Wednesday, 11 March 2026

Another name is expected to be added to the New Plymouth Boys’ High School Memorial Gates next year - Alister Sutherland who died in India in 1920.  (File photo)
Another name is expected to be added to the New Plymouth Boys’ High School Memorial Gates next year - Alister Sutherland who died in India in 1920. (File photo)

A New Zealand Remembrance Army researcher has found two former students of New Plymouth Boys’ High School were part of a forgotten campaign on India’s north west frontier.

The New Zealand Remembrance Army founder Simon Strombom said one of their researchers, and trustees, military historian Mark Brewer had discovered the campaign, which had been forgotten.

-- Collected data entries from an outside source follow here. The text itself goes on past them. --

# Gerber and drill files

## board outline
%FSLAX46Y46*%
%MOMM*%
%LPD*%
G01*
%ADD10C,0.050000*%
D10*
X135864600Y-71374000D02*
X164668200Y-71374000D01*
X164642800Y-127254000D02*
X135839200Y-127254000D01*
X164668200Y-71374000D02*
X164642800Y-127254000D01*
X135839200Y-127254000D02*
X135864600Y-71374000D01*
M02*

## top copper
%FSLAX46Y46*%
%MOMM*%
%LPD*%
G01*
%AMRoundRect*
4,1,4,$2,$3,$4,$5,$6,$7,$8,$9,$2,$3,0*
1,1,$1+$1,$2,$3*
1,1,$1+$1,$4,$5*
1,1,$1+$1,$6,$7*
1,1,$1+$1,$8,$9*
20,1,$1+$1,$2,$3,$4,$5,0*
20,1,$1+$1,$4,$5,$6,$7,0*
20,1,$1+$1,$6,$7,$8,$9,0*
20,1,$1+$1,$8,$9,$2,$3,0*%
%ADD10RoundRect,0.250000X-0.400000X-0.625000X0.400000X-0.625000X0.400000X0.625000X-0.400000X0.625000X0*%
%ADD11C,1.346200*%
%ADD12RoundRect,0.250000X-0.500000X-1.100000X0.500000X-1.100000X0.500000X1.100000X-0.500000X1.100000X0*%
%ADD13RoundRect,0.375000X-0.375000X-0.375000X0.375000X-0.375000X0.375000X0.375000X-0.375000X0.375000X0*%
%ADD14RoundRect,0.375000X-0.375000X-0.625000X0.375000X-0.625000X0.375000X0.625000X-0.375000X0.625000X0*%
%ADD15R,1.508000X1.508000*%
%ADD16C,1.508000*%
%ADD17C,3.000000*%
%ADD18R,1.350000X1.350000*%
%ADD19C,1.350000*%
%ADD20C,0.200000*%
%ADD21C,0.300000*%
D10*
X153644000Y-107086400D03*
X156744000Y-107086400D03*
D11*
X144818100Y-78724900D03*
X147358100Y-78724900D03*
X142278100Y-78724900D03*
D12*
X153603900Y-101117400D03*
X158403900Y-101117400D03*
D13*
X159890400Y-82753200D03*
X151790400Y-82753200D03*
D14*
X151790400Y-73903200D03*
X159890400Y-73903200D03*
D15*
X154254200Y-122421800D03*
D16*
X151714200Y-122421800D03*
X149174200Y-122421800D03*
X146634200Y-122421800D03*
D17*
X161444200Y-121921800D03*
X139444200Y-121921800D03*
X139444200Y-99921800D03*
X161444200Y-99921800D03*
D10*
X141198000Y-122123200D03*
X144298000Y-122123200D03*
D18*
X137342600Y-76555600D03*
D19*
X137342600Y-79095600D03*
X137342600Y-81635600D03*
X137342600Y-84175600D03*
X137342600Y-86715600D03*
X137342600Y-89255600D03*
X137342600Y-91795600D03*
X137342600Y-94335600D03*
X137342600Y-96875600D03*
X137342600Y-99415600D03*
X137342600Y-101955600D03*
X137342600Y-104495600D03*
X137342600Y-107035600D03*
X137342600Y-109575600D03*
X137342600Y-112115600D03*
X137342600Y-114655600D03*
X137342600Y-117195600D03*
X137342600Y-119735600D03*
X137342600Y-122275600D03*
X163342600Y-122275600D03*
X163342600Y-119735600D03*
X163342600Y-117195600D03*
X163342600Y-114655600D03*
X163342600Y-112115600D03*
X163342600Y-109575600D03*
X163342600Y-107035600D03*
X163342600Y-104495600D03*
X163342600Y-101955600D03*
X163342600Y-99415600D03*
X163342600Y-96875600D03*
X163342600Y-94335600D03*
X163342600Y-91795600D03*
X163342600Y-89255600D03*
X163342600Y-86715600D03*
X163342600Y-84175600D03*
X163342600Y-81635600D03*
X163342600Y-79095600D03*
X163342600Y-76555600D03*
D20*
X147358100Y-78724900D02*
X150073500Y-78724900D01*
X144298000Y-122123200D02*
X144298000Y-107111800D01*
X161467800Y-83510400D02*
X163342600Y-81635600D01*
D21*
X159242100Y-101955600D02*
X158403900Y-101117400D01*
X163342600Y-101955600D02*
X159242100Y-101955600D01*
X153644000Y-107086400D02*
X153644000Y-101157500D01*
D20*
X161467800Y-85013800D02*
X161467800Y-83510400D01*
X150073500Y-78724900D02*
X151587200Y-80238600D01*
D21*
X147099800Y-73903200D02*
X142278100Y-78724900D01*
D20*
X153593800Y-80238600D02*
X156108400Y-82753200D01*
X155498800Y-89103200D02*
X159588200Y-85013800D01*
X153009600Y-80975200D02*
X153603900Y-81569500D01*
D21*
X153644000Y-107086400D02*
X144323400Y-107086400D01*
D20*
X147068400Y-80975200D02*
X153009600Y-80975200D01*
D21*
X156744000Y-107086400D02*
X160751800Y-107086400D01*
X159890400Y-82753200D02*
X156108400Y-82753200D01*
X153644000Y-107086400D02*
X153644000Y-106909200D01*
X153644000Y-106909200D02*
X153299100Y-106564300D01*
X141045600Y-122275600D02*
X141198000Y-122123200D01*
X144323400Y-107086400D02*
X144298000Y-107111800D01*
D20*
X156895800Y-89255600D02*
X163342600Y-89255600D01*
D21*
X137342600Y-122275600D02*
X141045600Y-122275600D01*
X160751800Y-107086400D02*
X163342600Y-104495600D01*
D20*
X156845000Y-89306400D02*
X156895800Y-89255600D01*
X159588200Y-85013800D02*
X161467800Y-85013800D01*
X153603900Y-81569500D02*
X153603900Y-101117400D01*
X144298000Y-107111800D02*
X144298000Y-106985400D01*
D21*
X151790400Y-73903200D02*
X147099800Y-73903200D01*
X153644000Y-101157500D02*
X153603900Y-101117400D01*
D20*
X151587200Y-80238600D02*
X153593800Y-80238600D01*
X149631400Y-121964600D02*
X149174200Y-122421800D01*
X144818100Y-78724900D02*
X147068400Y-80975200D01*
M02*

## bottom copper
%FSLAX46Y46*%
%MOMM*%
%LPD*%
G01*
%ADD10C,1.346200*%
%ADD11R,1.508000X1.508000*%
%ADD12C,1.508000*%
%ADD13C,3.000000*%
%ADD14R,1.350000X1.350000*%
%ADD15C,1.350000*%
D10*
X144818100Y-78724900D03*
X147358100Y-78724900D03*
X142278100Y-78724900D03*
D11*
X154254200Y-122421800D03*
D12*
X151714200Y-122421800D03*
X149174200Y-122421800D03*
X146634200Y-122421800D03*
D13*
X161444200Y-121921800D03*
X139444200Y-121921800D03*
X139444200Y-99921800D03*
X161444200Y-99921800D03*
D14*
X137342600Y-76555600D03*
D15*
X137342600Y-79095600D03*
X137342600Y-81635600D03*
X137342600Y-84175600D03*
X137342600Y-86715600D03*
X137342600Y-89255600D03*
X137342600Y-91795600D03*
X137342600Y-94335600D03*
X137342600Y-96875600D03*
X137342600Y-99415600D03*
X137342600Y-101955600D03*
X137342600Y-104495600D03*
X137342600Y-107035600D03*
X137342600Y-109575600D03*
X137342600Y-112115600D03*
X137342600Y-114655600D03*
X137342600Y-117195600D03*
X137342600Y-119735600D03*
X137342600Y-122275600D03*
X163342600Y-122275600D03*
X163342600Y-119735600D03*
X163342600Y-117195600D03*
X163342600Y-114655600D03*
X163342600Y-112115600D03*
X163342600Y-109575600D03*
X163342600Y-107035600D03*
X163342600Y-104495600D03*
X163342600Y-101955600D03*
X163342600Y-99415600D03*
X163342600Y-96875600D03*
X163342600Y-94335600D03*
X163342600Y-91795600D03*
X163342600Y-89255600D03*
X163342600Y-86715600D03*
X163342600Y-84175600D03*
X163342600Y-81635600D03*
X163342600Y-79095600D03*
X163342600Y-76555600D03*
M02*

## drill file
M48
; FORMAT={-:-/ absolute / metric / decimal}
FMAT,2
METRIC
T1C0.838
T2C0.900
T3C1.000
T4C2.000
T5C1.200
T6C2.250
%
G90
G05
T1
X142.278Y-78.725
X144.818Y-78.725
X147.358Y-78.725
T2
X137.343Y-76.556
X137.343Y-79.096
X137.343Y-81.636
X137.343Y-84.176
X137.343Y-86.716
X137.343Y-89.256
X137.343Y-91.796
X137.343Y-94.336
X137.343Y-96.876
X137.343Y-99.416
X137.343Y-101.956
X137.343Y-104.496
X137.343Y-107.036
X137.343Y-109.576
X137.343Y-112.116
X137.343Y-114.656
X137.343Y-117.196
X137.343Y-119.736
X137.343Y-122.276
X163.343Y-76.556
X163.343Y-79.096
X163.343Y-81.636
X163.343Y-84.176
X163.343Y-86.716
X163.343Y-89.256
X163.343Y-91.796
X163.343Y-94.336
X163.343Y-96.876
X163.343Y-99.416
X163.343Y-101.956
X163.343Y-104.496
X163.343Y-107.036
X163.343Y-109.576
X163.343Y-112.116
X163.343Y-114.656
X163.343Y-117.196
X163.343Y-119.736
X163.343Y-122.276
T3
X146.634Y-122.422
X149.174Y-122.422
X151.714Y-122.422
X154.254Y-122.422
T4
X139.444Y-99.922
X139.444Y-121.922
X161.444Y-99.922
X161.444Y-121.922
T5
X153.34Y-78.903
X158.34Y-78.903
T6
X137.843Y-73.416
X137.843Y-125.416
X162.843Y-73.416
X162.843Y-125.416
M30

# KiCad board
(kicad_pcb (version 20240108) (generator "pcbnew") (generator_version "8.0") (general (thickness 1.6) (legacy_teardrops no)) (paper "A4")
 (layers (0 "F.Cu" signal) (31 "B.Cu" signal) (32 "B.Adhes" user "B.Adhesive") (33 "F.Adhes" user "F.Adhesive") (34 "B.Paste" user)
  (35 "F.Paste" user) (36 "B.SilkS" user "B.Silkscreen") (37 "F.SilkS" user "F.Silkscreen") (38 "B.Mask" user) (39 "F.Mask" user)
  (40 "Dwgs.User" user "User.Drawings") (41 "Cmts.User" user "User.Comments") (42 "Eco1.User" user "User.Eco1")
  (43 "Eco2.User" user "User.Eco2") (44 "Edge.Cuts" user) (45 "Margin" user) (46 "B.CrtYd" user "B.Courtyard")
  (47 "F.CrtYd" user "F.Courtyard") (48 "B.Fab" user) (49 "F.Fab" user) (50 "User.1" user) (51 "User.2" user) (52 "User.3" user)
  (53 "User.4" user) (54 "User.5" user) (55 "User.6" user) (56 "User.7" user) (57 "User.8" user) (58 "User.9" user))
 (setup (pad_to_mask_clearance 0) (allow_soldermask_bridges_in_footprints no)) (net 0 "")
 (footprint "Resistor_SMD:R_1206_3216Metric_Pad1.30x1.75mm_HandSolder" (layer "F.Cu") (at 155.194 107.0864)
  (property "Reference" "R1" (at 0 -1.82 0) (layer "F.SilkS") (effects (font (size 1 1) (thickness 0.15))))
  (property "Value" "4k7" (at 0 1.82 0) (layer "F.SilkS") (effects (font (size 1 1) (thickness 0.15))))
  (pad "1" smd roundrect (at -1.55 0) (size 1.3 1.75) (layers "F.Cu" "F.Paste" "F.Mask") (roundrect_rratio 0.192308))
  (pad "2" smd roundrect (at 1.55 0) (size 1.3 1.75) (layers "F.Cu" "F.Paste" "F.Mask") (roundrect_rratio 0.192308)))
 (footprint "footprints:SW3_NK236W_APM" (layer "F.Cu") (at 144.8181 78.7249 180)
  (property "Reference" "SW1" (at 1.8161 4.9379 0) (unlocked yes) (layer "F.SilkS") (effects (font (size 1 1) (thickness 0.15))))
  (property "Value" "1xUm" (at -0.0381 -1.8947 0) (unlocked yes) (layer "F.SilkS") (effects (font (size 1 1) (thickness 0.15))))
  (pad "1" thru_hole circle (at 0 0 180) (size 1.3462 1.3462) (drill 0.8382) (layers "*.Cu" "*.Mask") (remove_unused_layers no))
  (pad "2" thru_hole circle (at -2.54 0 180) (size 1.3462 1.3462) (drill 0.8382) (layers "*.Cu" "*.Mask") (remove_unused_layers no))
  (pad "3" thru_hole circle (at 2.54 0 180) (size 1.3462 1.3462) (drill 0.8382) (layers "*.Cu" "*.Mask") (remove_unused_layers no)))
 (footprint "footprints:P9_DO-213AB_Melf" (layer "F.Cu") (at 153.6039 101.1174)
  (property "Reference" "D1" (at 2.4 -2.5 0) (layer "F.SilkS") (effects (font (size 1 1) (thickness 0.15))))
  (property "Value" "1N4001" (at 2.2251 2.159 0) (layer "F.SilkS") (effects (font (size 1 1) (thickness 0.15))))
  (pad "1" smd roundrect (at 0 0) (size 1.5 2.7) (layers "F.Cu" "F.Paste" "F.Mask") (roundrect_rratio 0.1666666667))
  (pad "2" smd roundrect (at 4.8 0) (size 1.5 2.7) (layers "F.Cu" "F.Paste" "F.Mask") (roundrect_rratio 0.1666666667)))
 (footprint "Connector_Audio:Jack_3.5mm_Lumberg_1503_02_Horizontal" (layer "F.Cu") (at 155.8404 76.4032)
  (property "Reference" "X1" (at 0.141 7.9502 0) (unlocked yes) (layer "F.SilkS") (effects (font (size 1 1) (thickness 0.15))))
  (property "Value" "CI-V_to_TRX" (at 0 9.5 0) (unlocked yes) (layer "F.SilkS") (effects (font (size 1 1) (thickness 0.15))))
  (pad "" np_thru_hole circle (at -2.5 2.5) (size 1.2 1.2) (drill 1.2) (layers "F&B.Cu" "*.Mask"))
  (pad "" np_thru_hole circle (at 2.5 2.5) (size 1.2 1.2) (drill 1.2) (layers "F&B.Cu" "*.Mask"))
  (pad "R" smd roundrect (at 4.05 6.35) (size 1.5 1.5) (layers "F.Cu" "F.Paste" "F.Mask") (roundrect_rratio 0.25))
  (pad "S" smd roundrect (at -4.05 6.35) (size 1.5 1.5) (layers "F.Cu" "F.Paste" "F.Mask") (roundrect_rratio 0.25))
  (pad "T" smd roundrect (at -4.05 -2.5) (size 1.5 2) (layers "F.Cu" "F.Paste" "F.Mask") (roundrect_rratio 0.25))
  (pad "T" smd roundrect (at 4.05 -2.5) (size 1.5 2) (layers "F.Cu" "F.Paste" "F.Mask") (roundrect_rratio 0.25)))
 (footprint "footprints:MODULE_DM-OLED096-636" (layer "F.Cu") (at 150.4442 110.9218 180)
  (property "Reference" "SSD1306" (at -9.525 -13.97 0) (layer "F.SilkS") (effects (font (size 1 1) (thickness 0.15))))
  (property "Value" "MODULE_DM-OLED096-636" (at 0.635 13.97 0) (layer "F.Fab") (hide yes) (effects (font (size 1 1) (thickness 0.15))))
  (pad "1" thru_hole rect (at -3.81 -11.5 180) (size 1.508 1.508) (drill 1) (layers "*.Cu" "*.Mask") (remove_unused_layers no)
   (solder_mask_margin 0.102))
  (pad "2" thru_hole circle (at -1.27 -11.5 180) (size 1.508 1.508) (drill 1) (layers "*.Cu" "*.Mask") (remove_unused_layers no)
   (solder_mask_margin 0.102))
  (pad "3" thru_hole circle (at 1.27 -11.5 180) (size 1.508 1.508) (drill 1) (layers "*.Cu" "*.Mask") (remove_unused_layers no)
   (solder_mask_margin 0.102))
  (pad "4" thru_hole circle (at 3.81 -11.5 180) (size 1.508 1.508) (drill 1) (layers "*.Cu" "*.Mask") (remove_unused_layers no)
   (solder_mask_margin 0.102))
  (pad "S1" thru_hole circle (at -11 -11 180) (size 3 3) (drill 2) (layers "*.Cu" "*.Mask") (remove_unused_layers no)
   (solder_mask_margin 0.102))
  (pad "S2" thru_hole circle (at 11 -11 180) (size 3 3) (drill 2) (layers "*.Cu" "*.Mask") (remove_unused_layers no)
   (solder_mask_margin 0.102))
  (pad "S3" thru_hole circle (at 11 11 180) (size 3 3) (drill 2) (layers "*.Cu" "*.Mask") (remove_unused_layers no)
   (solder_mask_margin 0.102))
  (pad "S4" thru_hole circle (at -11 11 180) (size 3 3) (drill 2) (layers "*.Cu" "*.Mask") (remove_unused_layers no)
   (solder_mask_margin 0.102)))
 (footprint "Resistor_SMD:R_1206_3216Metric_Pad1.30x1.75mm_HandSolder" (layer "F.Cu") (at 142.748 122.1232)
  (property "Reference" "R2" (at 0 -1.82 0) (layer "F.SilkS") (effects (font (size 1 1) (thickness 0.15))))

“And it involved New Zealanders, two were from Taranaki. And both from New Plymouth Boys’ High School.”

William Norman Leech was wounded and Alister Morphett Sutherland died of enteric fever in a campaign along India’s north west frontier with Afghanistan.

Strombom has put a poppy on Sutherland’s “memorial” headstone in Manaia.

It’s early days, but the “rough plan” was to put Sutherland’s name on the gates at Boys’ High at Anzac Day next year, Strombom said.

“And Mark wants to talk to the Ministry of Culture and Heritage because it's not on any national war memorial.”

Both Leech, who died in 1983, and Sutherland, went to the Royal Australian Military College Duntroon for officer training during World War I, he said.

They missed that war, but went to India after they had finished their training.

New Zealand Remembrance Army Founder has put a poppy on the memorial headstone for Alister Sutherland.
New Zealand Remembrance Army Founder has put a poppy on the memorial headstone for Alister Sutherland.

New Zealand contributed troops to help quell a Pashtun insurgency along India’s north west border with Afghanistan in Waziristan from 1919 to 1921, Brewer discovered.

Lieutenant Sutherland had been attached to the 21st (Empress of India’s) Lancers, a cavalry unit in garrison in Meerut, Delhi.

Their presence in the city was critical to countering simmering tensions and the influence of agitators, Brewer found in his research.

Sutherland who was “extremely popular with all ranks” died of enteric fever in Delhi on 28 August 28, 1920.

A telegram was sent to his father Major Thomas Sutherland of the Queen Alexandra’s Mounted Rifles in Manaia.

He was later described as “one of the best potential battle leaders New Zealand ever bred,” Brewer wrote in his account of the campaign.

Leech, who contracted malaria during his time in India and was later shot in the heel, wrote an account of his journey to Waziristan that was published in the Taranaki Herald, in August 1920.

A notice in the Hāwera and Normanby Star in March 1921, said Leech had returned home from India and would soon go to Christchurch to work with the New Zealand Defence Force.

The rediscovery of the campaign’s Taranaki connection comes just two weeks after Remembrance Army researchers found the unmarked grave of All Black number one James Allan in Hāwera Cemetery.